KGK 67: “Dalam peredaran waktu terdapatlah apa yang dinamakan “wahyu pribadi”, yang beberapa di antaranya diakui oleh pimpinan Gereja. Namun wahyu pribadi itu tidak termasuk dalam perbendaharaan iman. Bukanlah tugas mereka untuk “menyempurnakan” wahyu Kristus yang definitif atau untuk “melengkapinya”, melainkan untuk membantu supaya orang dapat menghayatinya lebih dalam lagi dalam rentang waktu tertentu. Di bawah bimbingan Wewenang Mengajar Gereja, maka dalam kesadaran iman, umat beriman tahu membedakan dan melihat dalam wahyu-wahyu ini apa yang merupakan amanat otentik dari Kristus atau para kudus kepada Gereja.Iman Kristen tidak dapat “menerima” wahyu-wahyu yang mau melebihi atau membetulkan wahyu yang sudah dituntaskan dalam Kristus. Hal ini diklaim oleh agama-agama bukan Kristen tertentu dan sering kali juga oleh sekte-sekte baru tertentu yang mendasarkan diri atas “wahyu-wahyu” yang demikian itu”.

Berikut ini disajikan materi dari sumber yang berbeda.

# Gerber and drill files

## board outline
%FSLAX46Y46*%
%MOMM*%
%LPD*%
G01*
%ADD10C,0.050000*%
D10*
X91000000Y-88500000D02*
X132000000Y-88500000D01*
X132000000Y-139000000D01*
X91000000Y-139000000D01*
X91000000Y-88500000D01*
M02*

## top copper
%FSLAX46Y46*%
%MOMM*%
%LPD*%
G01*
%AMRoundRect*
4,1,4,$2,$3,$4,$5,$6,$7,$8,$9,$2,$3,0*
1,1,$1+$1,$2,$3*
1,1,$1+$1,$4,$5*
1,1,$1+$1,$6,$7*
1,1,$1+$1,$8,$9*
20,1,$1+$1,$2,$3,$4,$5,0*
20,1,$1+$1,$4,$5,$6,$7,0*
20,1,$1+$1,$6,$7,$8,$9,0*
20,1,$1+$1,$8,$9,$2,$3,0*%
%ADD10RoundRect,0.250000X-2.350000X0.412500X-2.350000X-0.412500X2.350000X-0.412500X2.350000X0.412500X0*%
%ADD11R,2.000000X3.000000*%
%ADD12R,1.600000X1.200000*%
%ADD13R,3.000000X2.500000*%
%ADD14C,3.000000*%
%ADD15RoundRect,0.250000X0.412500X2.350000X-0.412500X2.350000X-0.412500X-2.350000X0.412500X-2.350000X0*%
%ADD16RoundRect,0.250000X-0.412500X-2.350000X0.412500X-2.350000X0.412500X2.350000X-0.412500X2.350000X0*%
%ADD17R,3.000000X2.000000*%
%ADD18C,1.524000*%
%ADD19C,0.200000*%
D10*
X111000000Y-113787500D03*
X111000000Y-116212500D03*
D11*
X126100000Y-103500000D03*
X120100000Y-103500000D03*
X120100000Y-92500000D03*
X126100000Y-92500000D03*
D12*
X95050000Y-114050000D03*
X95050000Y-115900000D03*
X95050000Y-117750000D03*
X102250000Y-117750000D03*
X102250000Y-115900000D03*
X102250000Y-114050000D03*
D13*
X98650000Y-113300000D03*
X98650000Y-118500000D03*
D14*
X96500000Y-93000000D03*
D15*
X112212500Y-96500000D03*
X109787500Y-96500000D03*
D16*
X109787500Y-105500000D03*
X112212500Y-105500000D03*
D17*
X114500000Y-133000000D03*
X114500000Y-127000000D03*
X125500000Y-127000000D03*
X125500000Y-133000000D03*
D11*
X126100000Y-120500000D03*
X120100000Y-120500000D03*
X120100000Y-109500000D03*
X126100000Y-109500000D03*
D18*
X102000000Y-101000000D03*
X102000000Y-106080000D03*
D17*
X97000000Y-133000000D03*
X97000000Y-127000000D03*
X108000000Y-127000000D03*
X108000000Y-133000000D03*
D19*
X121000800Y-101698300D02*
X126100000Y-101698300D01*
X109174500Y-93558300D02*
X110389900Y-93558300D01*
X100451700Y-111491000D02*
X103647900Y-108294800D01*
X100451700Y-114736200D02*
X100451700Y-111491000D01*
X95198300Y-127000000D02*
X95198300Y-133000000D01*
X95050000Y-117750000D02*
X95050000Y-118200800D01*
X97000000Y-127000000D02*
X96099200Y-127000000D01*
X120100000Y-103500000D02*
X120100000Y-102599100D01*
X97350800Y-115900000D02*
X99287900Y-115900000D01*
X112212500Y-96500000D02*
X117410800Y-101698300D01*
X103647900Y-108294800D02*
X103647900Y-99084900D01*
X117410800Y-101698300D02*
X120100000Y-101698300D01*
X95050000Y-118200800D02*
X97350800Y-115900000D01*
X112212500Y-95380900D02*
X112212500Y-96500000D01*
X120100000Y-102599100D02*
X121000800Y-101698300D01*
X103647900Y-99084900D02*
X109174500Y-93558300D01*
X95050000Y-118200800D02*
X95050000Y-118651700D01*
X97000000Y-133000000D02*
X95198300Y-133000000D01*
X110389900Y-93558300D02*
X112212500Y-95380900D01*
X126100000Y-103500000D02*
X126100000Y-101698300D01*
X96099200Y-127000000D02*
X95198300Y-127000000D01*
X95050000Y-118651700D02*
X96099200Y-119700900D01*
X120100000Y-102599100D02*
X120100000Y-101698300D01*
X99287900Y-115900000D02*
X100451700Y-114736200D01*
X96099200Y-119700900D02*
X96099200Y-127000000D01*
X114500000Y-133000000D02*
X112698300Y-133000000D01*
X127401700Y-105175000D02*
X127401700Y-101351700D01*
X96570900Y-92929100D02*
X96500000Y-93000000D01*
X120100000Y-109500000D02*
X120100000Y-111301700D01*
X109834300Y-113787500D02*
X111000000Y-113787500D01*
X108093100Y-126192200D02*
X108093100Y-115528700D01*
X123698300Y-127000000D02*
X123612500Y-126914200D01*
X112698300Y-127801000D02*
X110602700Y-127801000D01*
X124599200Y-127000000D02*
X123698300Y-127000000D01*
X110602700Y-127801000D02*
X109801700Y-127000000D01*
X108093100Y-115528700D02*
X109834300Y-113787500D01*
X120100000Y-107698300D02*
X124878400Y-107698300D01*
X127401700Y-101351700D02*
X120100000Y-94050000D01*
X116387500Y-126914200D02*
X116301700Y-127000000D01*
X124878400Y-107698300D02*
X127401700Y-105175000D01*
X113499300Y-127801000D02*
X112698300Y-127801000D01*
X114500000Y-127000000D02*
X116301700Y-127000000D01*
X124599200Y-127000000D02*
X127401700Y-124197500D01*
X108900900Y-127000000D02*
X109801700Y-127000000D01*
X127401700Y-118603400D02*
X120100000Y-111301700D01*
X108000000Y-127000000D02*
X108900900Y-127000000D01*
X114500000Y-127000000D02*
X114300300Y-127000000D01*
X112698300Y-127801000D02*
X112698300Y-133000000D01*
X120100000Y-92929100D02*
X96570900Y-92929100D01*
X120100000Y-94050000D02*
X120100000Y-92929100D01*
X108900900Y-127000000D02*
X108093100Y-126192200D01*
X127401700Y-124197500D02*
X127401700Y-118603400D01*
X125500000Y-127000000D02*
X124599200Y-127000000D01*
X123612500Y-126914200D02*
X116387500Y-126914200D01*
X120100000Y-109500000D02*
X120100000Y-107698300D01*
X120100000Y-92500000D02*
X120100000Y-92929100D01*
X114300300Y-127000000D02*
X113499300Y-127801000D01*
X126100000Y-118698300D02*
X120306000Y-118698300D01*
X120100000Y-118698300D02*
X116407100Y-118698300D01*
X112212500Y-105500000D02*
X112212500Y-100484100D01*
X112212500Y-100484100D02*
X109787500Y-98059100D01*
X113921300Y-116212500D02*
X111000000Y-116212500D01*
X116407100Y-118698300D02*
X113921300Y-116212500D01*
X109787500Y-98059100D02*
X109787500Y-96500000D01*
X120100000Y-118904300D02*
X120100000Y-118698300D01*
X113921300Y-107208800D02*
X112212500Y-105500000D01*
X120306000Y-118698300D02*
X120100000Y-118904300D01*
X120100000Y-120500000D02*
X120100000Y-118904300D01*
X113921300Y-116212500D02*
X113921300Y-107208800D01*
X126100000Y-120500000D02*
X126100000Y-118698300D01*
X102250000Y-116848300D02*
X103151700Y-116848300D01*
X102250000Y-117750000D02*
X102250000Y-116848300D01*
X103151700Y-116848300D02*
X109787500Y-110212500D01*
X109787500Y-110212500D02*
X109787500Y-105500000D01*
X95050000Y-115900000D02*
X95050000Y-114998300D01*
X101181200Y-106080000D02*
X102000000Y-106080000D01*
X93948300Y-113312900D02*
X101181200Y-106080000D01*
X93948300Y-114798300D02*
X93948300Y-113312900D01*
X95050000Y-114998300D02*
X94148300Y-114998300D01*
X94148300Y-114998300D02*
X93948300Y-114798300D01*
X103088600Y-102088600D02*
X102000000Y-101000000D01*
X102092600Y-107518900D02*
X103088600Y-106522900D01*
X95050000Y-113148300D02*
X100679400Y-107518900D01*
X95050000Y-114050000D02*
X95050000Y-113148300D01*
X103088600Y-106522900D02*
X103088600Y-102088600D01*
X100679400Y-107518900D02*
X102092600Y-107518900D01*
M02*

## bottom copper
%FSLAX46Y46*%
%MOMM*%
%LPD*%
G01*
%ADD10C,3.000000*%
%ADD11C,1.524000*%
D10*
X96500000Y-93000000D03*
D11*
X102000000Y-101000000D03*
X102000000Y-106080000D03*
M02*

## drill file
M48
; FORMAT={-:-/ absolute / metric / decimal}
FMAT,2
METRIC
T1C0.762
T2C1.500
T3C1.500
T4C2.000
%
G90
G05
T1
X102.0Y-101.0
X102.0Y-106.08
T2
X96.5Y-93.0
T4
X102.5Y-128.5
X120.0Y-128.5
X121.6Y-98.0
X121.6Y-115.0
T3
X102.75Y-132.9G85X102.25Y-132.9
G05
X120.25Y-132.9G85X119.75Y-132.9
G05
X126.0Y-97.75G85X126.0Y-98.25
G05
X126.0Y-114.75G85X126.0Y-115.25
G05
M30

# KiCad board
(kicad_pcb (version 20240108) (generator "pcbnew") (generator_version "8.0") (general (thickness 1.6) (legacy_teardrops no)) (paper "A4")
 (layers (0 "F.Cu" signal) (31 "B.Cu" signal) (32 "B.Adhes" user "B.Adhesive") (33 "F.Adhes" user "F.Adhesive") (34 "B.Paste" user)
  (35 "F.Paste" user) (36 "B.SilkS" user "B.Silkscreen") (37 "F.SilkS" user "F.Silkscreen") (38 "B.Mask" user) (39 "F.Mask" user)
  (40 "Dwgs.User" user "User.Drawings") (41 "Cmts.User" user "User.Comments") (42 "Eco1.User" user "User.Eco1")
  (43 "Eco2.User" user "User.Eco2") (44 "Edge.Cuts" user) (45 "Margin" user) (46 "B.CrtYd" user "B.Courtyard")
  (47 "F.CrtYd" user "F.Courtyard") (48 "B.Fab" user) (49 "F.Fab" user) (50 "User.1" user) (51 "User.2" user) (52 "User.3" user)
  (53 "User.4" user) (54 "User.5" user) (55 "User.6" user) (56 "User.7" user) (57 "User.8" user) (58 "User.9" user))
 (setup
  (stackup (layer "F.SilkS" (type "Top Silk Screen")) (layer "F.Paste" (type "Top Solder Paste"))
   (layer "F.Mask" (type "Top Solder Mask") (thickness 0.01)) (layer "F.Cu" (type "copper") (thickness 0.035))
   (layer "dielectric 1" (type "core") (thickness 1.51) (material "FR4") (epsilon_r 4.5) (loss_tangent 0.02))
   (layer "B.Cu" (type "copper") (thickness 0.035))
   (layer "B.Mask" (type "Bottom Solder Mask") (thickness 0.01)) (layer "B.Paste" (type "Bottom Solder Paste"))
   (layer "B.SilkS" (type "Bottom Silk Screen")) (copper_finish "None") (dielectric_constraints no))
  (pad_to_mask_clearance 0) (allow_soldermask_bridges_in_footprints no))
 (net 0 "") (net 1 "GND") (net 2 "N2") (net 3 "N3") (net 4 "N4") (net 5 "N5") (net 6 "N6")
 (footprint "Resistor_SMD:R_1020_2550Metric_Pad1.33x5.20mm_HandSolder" (layer "F.Cu") (at 111 115 -90)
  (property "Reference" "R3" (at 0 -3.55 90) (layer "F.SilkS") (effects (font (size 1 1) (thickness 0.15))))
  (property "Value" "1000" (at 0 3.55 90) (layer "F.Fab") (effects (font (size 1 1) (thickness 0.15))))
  (pad "1" smd roundrect (at -1.2125 0 270) (size 1.325 5.2) (layers "F.Cu" "F.Paste" "F.Mask") (roundrect_rratio 0.188679) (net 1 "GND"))
  (pad "2" smd roundrect (at 1.2125 0 270) (size 1.325 5.2) (layers "F.Cu" "F.Paste" "F.Mask") (roundrect_rratio 0.188679) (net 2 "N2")))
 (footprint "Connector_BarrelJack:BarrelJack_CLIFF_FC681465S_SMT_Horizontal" (layer "F.Cu") (at 123.1 98 180)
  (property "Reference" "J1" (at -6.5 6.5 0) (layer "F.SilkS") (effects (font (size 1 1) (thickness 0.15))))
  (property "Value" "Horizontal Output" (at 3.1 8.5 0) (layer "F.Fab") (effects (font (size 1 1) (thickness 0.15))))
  (pad "" np_thru_hole oval (at -2.9 0 270) (size 2 1.5) (drill oval 2 1.5) (layers "*.Cu" "*.Mask"))
  (pad "" np_thru_hole circle (at 1.5 0 270) (size 2 2) (drill 2) (layers "*.Cu" "*.Mask"))
  (pad "1" smd rect (at -3 -5.5 270) (size 3 2) (layers "F.Cu" "F.Paste" "F.Mask") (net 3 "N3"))
  (pad "1" smd rect (at 3 -5.5 270) (size 3 2) (layers "F.Cu" "F.Paste" "F.Mask") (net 3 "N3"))
  (pad "2" smd rect (at 3 5.5 270) (size 3 2) (layers "F.Cu" "F.Paste" "F.Mask") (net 1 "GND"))
  (pad "3" smd rect (at -3 5.5 270) (size 3 2) (layers "F.Cu" "F.Paste" "F.Mask")))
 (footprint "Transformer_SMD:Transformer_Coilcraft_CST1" (layer "F.Cu") (at 98.65 115.9)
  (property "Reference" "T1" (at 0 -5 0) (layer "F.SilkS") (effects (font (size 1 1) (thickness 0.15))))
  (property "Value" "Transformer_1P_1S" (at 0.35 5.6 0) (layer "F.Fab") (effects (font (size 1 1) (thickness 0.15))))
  (pad "1" smd rect (at -3.6 -1.85) (size 1.6 1.2) (layers "F.Cu" "F.Paste" "F.Mask") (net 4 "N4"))
  (pad "2" smd rect (at -3.6 0) (size 1.6 1.2) (layers "F.Cu" "F.Paste" "F.Mask") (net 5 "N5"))
  (pad "3" smd rect (at -3.6 1.85) (size 1.6 1.2) (layers "F.Cu" "F.Paste" "F.Mask") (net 3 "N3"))
  (pad "4" smd rect (at 3.6 1.85) (size 1.6 1.2) (layers "F.Cu" "F.Paste" "F.Mask") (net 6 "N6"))
  (pad "5" smd rect (at 3.6 0) (size 1.6 1.2) (layers "F.Cu" "F.Paste" "F.Mask"))
  (pad "6" smd rect (at 3.6 -1.85) (size 1.6 1.2) (layers "F.Cu" "F.Paste" "F.Mask"))
  (pad "7" smd rect (at 0 -2.6) (size 3 2.5) (layers "F.Cu" "F.Paste" "F.Mask"))
  (pad "8" smd rect (at 0 2.6) (size 3 2.5) (layers "F.Cu" "F.Paste" "F.Mask")))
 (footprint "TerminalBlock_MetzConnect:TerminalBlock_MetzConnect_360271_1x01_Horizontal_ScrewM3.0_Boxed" (layer "F.Cu") (at 96.5 93)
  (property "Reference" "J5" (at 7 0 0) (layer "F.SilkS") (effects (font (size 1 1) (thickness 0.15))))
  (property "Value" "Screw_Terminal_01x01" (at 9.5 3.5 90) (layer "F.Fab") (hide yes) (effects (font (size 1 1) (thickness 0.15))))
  (pad "1" thru_hole circle (at 0 0) (size 3 3) (drill 1.5) (layers "*.Cu" "*.Mask") (remove_unused_layers no) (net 1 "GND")))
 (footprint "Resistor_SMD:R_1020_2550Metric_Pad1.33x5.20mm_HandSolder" (layer "F.Cu") (at 111 96.5 180)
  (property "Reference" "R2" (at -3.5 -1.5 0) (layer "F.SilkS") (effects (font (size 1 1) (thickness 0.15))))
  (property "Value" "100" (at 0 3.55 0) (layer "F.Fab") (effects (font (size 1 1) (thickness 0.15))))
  (pad "1" smd roundrect (at -1.2125 0 180) (size 1.325 5.2) (layers "F.Cu" "F.Paste" "F.Mask") (roundrect_rratio 0.188679) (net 3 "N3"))
  (pad "2" smd roundrect (at 1.2125 0 180) (size 1.325 5.2) (layers "F.Cu" "F.Paste" "F.Mask") (roundrect_rratio 0.188679) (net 2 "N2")))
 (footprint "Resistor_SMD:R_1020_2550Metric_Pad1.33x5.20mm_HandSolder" (layer "F.Cu") (at 111 105.5)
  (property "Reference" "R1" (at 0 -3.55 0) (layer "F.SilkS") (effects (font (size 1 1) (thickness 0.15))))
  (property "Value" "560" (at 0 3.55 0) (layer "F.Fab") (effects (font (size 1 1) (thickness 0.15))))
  (pad "1" smd roundrect (at -1.2125 0) (size 1.325 5.2) (layers "F.Cu" "F.Paste" "F.Mask") (roundrect_rratio 0.188679) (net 6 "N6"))
  (pad "2" smd roundrect (at 1.2125 0) (size 1.325 5.2) (layers "F.Cu" "F.Paste" "F.Mask") (roundrect_rratio 0.188679) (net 2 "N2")))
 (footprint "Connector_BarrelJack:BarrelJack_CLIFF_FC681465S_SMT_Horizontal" (layer "F.Cu") (at 120 130 90)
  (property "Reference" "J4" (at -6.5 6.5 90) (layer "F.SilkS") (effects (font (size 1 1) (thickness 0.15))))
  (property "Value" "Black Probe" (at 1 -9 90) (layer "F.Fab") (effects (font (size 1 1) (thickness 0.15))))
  (pad "" np_thru_hole oval (at -2.9 0 180) (size 2 1.5) (drill oval 2 1.5) (layers "*.Cu" "*.Mask"))
  (pad "" np_thru_hole circle (at 1.5 0 180) (size 2 2) (drill 2) (layers "*.Cu" "*.Mask"))
  (pad "1" smd rect (at -3 -5.5 180) (size 3 2) (layers "F.Cu" "F.Paste" "F.Mask") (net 1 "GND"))
  (pad "1" smd rect (at 3 -5.5 180) (size 3 2) (layers "F.Cu" "F.Paste" "F.Mask") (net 1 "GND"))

Sehingga, Yang berkembang menurut penjelasan resmi DV ialah pemahaman dan penjelasan (explicatio) Wahyu itu sendiri, dan bukan substansi Wahyu itu sendiri yang telah final dengan kematian Rasul terakhir. Wahyu ilahi adalah sebuah Deposit Iman yang sudah lengkap. Prinsip yang dijabarkan oleh KV II di dalam LG 8 ini memiliki akar dari pandangan patristic, terutama Bapa Gereja St. Vincent dari Lérins mengenai profectus religionis (kemajuan agama), diambil dari karyanya yang paling terkenal, Commonitorium, Bab 23: “But some one will say, perhaps, Shall there, then, be no progress in Christ’s Church? Certainly; all possible progress. For what being is there, so envious of men, so full of hatred to God, who would seek to forbid it? Yet on condition that it be real progress, not alteration of the faith. For progress requires that the subject be enlarged in itself, alteration, that it be transformed into something else. The intelligence, then, the knowledge, the wisdom, as well of individuals as of all, as well of one man as of the whole Church, ought, in the course of ages and centuries, to increase and make much and vigorous progress; but yet only in its own kind; that is to say, in the same doctrine, in the same sense, and in the same judgment.” (“Tetapi mungkin ada yang berkata: Jadi, apakah tidak akan ada kemajuan agama sama sekali di dalam Gereja Kristus? Tentu saja harus ada, dan kemajuan yang sangat besar. Sebab siapakah orang yang begitu dengki terhadap sesama, begitu membenci Tuhan, sehingga berani menghalangi hal itu? Namun demikian, dengan syarat bahwa itu adalah kemajuan iman yang sejati, bukan perubahan. Sebab kemajuan berarti bahwa setiap hal diperluas di dalam dirinya sendiri; sedangkan perubahan berarti bahwa sesuatu diubah dari satu hal ke hal lain.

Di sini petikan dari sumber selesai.